Improving the Circularization Efficiency, Stability and Translatability of Circular RNA by circDesign

Synthetic circular RNA (circRNA) has emerged as a promising platform for vaccine and therapeutic development, featuring its uniqueness in a closed-loop structure, cap-independent translation mechanism, and prolonged expression. However, the rational design of a circRNA sequence to jointly improve its stability and protein coding potential remains challenging. In this study, we present circDesign, an efficient algorithm to achieve the optimal design of circRNA by ensuring optimized folding of each segment, which leads to enhanced circularization efficiency, stability, and translatability. Using rabies virus glycoprotein (RABV-G) as the model antigen, we demonstrated that circDesign-generated circRNAs exhibited higher stability and protein translation efficiency in vitro and in vivo compared to other codon adaptation index (CAI)-optimized sequences, thus leading to enhanced in vivo immunogenicity.

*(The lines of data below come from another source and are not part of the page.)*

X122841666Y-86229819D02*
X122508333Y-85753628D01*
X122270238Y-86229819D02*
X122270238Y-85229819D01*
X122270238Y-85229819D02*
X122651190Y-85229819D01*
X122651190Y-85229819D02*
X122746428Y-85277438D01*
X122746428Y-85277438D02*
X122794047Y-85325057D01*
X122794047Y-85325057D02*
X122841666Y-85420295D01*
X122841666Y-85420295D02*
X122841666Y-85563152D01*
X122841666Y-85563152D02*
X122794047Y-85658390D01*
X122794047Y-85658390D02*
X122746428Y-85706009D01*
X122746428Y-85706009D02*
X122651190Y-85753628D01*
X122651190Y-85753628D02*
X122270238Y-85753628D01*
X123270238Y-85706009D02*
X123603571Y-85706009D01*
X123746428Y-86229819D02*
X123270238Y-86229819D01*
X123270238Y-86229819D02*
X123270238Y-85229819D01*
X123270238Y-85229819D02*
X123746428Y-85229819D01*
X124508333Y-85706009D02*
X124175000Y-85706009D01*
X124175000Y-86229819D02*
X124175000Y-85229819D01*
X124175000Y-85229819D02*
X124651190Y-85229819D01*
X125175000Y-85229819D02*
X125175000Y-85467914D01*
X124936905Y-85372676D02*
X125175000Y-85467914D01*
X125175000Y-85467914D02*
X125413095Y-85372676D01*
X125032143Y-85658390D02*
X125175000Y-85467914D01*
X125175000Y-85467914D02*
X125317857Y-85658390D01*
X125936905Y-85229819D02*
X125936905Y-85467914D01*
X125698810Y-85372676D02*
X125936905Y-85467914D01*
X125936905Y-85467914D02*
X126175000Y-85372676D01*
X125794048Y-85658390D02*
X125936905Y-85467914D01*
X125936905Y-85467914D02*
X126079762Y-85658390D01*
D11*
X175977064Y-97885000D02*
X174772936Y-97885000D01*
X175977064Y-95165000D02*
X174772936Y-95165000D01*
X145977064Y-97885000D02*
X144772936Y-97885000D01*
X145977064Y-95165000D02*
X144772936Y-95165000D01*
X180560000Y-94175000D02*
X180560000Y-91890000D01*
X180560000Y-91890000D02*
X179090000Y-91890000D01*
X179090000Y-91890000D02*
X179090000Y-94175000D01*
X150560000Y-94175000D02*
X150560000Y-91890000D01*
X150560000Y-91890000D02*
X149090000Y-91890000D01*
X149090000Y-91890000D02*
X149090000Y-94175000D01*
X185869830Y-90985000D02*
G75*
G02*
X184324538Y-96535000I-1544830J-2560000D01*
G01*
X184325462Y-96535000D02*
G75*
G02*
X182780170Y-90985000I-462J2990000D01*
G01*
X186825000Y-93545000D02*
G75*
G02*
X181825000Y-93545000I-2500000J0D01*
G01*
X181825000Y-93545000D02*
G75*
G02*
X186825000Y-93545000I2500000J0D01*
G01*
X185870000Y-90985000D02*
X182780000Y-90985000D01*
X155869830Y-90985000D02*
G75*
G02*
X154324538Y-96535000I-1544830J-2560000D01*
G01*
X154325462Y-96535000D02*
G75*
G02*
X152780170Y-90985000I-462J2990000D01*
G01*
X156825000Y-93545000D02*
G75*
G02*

Ribosome and polysome profiling further revealed that an intact internal ribosome entry site (IRES) structure is critical for efficient translation. By intentionally disrupting the IRES motifs, we observed that the resulting circRNA sequences had lower translatability compared to circDesign-generated sequences. Taken together, our circular RNA design algorithm provides a general strategy to leverage the capability of circRNA as next-generation vaccines or therapeutics.